独身者の疫学

 未読山の中からアメリカのフロンティアの不健康についての論文を読む。文献はCourtwright, David T., “Disease, Death and Disorder on the American Frontier”, Journal of the History of Medicine and Allied Sciences, 46(1991), 457-492.

 アメリカ開拓の前線(フロンティア)における死亡率は高かったという。この論文の中では超過死亡を明示するデータというのは殆ど示されていなくて、1906年から1913年までのカリフォルニアの日系移民の死亡率だけが示されている。
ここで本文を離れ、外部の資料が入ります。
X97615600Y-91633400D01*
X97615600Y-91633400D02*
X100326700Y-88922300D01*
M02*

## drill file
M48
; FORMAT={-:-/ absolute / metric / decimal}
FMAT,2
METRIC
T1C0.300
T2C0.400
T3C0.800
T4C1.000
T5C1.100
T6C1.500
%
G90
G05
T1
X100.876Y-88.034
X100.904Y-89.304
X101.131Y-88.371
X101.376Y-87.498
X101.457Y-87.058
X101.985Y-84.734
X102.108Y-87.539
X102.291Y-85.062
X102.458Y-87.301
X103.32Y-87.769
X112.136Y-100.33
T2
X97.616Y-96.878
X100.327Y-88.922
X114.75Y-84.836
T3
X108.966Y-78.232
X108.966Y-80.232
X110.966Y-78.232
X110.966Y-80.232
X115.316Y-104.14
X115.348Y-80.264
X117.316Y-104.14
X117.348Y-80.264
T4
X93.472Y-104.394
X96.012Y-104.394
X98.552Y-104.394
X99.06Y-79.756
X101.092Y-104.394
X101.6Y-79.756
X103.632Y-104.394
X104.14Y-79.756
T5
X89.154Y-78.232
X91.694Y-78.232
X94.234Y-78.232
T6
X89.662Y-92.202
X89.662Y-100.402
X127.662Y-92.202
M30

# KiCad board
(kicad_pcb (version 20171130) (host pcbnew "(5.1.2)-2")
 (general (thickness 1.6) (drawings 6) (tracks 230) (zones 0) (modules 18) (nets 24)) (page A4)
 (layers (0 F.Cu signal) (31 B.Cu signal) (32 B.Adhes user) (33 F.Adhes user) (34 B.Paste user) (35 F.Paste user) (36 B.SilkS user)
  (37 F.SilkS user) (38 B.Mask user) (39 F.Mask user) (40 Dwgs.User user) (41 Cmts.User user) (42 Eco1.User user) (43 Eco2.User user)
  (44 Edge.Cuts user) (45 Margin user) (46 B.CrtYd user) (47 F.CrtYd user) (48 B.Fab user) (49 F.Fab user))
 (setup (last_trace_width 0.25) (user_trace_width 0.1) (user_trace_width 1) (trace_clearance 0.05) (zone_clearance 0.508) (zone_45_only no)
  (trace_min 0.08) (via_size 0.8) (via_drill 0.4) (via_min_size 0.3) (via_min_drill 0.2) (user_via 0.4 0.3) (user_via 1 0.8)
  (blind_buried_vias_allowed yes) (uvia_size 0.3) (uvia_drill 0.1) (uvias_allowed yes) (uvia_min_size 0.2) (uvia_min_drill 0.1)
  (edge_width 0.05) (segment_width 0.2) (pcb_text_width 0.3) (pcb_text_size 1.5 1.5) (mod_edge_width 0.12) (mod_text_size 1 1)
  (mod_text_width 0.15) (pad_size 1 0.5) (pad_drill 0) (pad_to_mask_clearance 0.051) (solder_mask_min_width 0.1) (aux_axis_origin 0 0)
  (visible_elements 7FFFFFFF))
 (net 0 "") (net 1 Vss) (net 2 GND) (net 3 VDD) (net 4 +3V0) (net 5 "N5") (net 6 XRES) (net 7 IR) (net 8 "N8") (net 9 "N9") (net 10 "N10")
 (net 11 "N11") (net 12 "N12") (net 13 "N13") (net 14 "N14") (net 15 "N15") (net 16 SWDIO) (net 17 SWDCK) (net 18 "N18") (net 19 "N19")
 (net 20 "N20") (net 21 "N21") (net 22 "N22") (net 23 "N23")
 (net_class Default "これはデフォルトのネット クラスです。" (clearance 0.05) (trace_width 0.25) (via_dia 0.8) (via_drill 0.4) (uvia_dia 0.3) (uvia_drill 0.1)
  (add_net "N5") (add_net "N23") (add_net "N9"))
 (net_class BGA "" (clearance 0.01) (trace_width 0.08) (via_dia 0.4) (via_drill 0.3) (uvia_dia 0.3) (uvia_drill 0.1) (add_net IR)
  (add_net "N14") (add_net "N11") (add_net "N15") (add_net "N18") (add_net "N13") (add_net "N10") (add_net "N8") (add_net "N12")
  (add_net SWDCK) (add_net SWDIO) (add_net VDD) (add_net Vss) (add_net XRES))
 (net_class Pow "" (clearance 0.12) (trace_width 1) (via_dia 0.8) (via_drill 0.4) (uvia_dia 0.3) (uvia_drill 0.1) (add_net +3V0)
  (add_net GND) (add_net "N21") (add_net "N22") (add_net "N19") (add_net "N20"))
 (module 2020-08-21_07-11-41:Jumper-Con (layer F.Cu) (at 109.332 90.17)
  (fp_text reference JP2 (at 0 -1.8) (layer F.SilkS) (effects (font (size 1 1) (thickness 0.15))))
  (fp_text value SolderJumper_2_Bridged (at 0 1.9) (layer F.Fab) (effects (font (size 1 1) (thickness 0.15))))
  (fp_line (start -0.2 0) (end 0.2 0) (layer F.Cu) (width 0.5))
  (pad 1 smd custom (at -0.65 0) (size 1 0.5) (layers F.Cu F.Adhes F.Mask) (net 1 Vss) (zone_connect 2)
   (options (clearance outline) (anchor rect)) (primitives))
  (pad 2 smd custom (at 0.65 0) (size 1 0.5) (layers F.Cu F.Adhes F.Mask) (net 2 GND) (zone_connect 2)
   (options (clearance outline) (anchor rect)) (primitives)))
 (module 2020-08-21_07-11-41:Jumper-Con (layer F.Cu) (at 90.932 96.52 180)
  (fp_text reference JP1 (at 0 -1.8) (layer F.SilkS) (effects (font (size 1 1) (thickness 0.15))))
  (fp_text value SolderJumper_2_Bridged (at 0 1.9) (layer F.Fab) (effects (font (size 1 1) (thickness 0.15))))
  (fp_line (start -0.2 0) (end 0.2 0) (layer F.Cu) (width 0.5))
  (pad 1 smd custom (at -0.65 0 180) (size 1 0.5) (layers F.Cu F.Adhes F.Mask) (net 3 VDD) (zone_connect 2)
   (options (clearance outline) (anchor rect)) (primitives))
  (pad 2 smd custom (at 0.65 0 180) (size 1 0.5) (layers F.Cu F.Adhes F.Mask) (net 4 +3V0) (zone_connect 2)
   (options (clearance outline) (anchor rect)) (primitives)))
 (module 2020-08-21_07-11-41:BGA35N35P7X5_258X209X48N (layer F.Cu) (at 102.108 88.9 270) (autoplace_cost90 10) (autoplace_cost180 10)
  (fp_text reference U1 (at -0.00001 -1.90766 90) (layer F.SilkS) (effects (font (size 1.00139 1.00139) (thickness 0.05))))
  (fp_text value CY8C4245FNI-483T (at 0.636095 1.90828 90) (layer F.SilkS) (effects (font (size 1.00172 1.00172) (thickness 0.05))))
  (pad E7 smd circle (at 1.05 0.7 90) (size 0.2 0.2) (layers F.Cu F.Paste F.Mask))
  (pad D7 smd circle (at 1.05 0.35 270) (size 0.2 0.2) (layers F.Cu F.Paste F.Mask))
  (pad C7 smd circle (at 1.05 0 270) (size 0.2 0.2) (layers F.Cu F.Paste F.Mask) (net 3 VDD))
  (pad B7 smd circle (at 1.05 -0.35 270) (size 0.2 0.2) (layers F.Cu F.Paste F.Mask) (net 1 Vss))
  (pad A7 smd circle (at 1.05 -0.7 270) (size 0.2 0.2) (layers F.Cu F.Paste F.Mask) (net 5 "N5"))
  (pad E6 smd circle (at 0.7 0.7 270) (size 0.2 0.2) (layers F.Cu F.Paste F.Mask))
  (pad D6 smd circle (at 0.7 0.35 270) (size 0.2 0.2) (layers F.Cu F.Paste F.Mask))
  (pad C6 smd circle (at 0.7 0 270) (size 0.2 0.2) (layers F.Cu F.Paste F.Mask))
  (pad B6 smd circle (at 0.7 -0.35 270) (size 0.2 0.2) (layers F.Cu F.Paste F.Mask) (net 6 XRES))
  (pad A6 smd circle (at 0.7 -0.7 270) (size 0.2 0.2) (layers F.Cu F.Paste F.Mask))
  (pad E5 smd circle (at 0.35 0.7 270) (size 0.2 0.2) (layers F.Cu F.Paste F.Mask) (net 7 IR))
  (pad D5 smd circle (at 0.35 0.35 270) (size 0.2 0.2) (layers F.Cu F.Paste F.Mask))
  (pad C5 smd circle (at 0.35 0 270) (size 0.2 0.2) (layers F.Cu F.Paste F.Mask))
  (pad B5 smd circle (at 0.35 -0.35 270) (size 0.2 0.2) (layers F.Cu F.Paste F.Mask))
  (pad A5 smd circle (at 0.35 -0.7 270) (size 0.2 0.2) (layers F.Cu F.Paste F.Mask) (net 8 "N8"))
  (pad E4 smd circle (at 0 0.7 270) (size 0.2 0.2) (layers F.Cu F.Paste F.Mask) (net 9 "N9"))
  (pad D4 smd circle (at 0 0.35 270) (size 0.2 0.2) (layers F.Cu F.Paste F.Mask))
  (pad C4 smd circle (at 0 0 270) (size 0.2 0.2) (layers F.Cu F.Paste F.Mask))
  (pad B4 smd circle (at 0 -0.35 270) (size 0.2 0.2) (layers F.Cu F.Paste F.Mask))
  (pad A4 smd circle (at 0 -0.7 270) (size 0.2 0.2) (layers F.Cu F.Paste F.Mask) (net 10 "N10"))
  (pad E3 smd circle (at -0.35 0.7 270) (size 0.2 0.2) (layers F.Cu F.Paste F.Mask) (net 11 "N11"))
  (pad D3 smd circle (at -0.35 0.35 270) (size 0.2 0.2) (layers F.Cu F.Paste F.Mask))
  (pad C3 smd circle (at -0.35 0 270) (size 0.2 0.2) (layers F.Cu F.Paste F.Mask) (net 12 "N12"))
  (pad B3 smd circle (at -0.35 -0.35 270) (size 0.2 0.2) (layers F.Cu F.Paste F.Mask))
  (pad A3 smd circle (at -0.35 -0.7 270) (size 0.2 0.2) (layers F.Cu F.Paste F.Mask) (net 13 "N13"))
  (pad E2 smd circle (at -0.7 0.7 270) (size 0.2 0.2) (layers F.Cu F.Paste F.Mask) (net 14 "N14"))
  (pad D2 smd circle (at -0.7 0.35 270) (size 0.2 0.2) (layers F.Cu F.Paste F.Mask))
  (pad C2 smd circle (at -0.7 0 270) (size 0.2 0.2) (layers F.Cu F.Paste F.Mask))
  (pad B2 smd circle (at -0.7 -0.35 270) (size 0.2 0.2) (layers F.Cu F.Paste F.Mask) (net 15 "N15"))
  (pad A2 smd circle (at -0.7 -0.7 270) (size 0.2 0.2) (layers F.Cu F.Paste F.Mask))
15歳以上男性で人口1000人あたり11.3。 同時期同年代のアメリカ全土の死亡率より50%ほど高いという。実はこの50%という計算も少し怪しい。この疑わしい断片的なデータだけで、フロンティア全体が不健康だったという大きな主張を受け入れるのは大いに不満だけれども、まあ、それはいい。

 フロンティアは不健康だったということを受け入れることにして、それはなぜかという問題について、この著者は痛快なまでにシンプルな説明をする。「男性が超過していたから」だという。開拓移民は一般にそうなのかもしれないが、アメリカのフロンティアには、故郷で財産を相続できる見込みが少なく、身を立てる資金が乏しい次男以下の男性が、アメリカの内外から集まった。結婚し、妻や子供を伴って移民してくる例は稀であった。(『大草原の小さな家』のインガルス一家は例外だということだろう。)時代を通じて、新たに開拓された地域は常に男性の超過があり、逆に古くからある街では女性が超過していた。18世紀のマサチューセッツでは東部の郡が女性100人に対して男性は87人、西部の郡だとこの数字は113になる。19世紀の西部諸州はもっと烈しくて、1870年にはカリフォルニアでは男性が女性の2倍、アリゾナは4倍、アイダホとモンタナは8倍にのぼっていた。
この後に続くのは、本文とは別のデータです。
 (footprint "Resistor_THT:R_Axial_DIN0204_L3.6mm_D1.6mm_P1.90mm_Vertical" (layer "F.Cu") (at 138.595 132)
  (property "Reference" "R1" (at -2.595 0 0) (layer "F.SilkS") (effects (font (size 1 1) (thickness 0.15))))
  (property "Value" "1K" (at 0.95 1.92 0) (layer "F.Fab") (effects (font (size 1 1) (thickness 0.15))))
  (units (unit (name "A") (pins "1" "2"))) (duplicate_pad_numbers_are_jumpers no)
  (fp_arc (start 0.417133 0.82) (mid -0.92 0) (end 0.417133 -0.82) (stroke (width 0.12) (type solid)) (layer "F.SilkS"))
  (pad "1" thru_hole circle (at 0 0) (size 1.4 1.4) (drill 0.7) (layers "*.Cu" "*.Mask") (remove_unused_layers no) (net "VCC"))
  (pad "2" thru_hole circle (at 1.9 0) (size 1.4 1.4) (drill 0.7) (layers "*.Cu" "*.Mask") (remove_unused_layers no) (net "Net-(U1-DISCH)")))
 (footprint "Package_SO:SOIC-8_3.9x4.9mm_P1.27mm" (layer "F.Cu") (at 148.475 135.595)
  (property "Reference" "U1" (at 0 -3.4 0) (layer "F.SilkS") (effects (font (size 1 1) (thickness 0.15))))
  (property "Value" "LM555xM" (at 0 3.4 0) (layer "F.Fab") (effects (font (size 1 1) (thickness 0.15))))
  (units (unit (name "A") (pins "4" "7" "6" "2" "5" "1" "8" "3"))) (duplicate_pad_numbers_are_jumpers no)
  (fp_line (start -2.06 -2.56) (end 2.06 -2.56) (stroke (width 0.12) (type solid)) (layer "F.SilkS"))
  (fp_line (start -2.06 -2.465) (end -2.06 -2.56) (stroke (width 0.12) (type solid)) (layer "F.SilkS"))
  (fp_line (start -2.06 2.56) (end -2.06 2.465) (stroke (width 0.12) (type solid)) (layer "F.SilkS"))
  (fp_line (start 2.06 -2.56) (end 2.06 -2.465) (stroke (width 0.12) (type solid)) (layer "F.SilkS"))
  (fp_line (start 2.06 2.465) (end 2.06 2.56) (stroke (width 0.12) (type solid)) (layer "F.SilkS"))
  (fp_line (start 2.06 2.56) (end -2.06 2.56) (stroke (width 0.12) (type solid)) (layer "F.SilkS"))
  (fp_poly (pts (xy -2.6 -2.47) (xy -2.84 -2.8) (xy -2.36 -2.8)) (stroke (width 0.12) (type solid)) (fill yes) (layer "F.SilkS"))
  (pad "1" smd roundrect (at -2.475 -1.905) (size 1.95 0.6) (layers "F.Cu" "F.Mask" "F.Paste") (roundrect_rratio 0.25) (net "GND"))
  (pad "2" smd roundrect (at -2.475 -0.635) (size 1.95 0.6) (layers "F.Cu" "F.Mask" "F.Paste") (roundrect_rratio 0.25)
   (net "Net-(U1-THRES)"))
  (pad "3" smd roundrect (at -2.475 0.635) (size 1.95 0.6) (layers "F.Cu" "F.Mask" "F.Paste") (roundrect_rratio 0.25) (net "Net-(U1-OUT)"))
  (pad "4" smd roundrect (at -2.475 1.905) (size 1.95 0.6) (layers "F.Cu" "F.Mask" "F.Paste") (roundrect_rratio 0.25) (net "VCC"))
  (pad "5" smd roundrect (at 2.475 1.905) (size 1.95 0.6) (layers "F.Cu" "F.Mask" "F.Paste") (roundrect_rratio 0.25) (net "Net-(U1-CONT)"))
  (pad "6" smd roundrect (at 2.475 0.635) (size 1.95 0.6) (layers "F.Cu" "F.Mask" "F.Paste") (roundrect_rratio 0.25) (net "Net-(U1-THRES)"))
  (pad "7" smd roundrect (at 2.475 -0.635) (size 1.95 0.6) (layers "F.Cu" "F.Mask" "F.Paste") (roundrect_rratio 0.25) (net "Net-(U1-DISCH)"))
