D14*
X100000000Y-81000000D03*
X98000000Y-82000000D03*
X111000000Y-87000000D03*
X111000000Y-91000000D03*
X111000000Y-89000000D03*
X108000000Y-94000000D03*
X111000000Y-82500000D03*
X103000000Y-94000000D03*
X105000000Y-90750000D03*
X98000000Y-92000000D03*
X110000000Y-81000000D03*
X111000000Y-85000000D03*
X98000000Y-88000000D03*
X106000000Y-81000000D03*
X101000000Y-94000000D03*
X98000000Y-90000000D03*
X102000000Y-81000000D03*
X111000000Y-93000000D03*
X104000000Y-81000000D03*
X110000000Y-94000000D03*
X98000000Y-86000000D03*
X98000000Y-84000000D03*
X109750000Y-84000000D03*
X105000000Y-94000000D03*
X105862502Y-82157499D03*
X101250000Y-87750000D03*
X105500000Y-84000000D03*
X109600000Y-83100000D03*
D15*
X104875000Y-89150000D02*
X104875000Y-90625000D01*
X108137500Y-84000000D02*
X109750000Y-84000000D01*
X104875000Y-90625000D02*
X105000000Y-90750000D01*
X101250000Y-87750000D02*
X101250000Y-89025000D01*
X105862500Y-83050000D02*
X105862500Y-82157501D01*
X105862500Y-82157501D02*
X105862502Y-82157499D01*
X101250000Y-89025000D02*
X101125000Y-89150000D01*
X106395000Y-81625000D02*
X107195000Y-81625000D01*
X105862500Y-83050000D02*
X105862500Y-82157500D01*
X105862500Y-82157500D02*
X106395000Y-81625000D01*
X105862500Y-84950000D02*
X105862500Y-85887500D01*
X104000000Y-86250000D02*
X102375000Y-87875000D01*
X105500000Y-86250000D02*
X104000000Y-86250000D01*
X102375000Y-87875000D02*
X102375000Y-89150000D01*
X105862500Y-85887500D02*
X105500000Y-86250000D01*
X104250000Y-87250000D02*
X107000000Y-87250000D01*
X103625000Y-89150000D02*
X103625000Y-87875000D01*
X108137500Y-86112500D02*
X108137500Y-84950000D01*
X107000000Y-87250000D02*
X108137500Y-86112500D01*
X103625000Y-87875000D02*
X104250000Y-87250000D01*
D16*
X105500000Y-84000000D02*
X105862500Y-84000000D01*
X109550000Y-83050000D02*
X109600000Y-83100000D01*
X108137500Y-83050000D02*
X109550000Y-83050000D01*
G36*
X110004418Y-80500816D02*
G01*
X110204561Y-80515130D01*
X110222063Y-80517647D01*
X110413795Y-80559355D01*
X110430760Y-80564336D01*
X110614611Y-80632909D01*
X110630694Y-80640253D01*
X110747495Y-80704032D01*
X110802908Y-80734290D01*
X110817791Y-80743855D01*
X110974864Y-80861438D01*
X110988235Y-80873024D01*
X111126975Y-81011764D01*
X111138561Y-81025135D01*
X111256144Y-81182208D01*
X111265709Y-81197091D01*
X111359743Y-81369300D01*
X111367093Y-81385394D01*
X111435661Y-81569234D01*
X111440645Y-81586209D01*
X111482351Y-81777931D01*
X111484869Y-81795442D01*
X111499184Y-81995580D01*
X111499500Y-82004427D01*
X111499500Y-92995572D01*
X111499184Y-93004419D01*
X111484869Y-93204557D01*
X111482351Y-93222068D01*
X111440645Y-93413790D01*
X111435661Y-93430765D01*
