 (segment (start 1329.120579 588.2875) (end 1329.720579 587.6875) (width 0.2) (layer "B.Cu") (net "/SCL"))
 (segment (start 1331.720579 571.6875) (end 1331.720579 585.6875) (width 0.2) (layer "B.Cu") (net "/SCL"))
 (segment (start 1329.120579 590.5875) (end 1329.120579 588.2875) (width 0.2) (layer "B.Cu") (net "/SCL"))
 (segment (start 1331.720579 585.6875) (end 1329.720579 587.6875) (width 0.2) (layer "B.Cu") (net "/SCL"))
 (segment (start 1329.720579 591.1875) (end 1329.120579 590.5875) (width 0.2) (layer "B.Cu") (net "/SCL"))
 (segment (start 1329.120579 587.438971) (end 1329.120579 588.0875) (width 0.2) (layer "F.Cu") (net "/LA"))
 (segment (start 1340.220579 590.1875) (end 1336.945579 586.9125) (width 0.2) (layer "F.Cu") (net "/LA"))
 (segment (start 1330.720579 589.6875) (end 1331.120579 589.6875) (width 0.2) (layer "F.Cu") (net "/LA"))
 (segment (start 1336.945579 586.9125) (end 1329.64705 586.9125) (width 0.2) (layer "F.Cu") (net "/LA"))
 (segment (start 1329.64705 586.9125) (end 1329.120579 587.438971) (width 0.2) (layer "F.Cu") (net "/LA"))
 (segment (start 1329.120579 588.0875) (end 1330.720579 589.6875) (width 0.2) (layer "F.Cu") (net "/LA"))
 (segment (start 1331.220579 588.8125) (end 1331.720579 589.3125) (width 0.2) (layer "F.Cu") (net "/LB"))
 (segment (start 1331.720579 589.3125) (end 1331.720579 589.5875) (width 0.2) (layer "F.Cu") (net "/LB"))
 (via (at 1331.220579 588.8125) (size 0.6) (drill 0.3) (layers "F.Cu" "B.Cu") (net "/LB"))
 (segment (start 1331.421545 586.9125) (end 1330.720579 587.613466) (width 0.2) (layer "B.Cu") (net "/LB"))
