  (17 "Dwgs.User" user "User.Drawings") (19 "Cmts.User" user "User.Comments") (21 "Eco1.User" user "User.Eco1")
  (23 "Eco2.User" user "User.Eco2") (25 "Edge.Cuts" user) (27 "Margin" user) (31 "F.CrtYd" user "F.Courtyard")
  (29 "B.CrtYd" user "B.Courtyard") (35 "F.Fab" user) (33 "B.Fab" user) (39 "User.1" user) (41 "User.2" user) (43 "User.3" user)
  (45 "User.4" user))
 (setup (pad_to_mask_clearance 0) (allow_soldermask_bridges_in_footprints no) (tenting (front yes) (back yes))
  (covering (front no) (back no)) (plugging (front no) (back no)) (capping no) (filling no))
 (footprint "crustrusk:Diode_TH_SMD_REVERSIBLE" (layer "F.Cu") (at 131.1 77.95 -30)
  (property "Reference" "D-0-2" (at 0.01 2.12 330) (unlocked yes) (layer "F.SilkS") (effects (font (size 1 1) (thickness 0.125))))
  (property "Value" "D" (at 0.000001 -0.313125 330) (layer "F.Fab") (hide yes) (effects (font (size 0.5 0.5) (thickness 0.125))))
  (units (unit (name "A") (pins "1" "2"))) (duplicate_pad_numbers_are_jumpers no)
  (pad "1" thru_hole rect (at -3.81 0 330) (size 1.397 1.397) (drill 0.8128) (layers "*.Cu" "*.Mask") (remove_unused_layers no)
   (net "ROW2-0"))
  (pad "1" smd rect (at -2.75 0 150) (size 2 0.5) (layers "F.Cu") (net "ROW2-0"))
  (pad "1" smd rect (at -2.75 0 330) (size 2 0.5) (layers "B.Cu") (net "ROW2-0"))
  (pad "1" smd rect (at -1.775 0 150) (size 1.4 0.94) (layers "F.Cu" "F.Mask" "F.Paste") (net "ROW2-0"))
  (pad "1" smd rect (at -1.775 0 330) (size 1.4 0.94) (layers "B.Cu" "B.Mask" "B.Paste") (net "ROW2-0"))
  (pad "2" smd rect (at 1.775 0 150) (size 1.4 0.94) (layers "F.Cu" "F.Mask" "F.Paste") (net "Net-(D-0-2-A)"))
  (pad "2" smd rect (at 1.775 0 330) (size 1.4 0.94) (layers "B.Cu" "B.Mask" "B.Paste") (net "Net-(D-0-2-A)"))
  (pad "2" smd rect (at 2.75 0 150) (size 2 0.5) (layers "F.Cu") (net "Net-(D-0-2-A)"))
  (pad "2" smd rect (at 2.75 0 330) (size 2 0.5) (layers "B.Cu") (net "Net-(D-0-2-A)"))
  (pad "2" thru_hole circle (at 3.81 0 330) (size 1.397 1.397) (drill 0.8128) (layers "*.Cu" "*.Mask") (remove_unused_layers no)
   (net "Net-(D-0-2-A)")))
 この大幅な男性超過のために、独身生活を余儀なくさせられた男性たちは、健康に対するハザードが高い生活をしていた。過度の飲酒、売春と性病、稼ぎは賭け事に使い果たしてしまい、塩漬けの肉とコーヒーと酒だけの偏った食生活、若い男性共同体に見られる刹那的な快楽主義、そして「マイホーム風の道徳」への反逆。若い独身男性のハザードが高いライフスタイルは現代でもほぼ普遍的に見られることだが、フロンティアにおいても同じだったという。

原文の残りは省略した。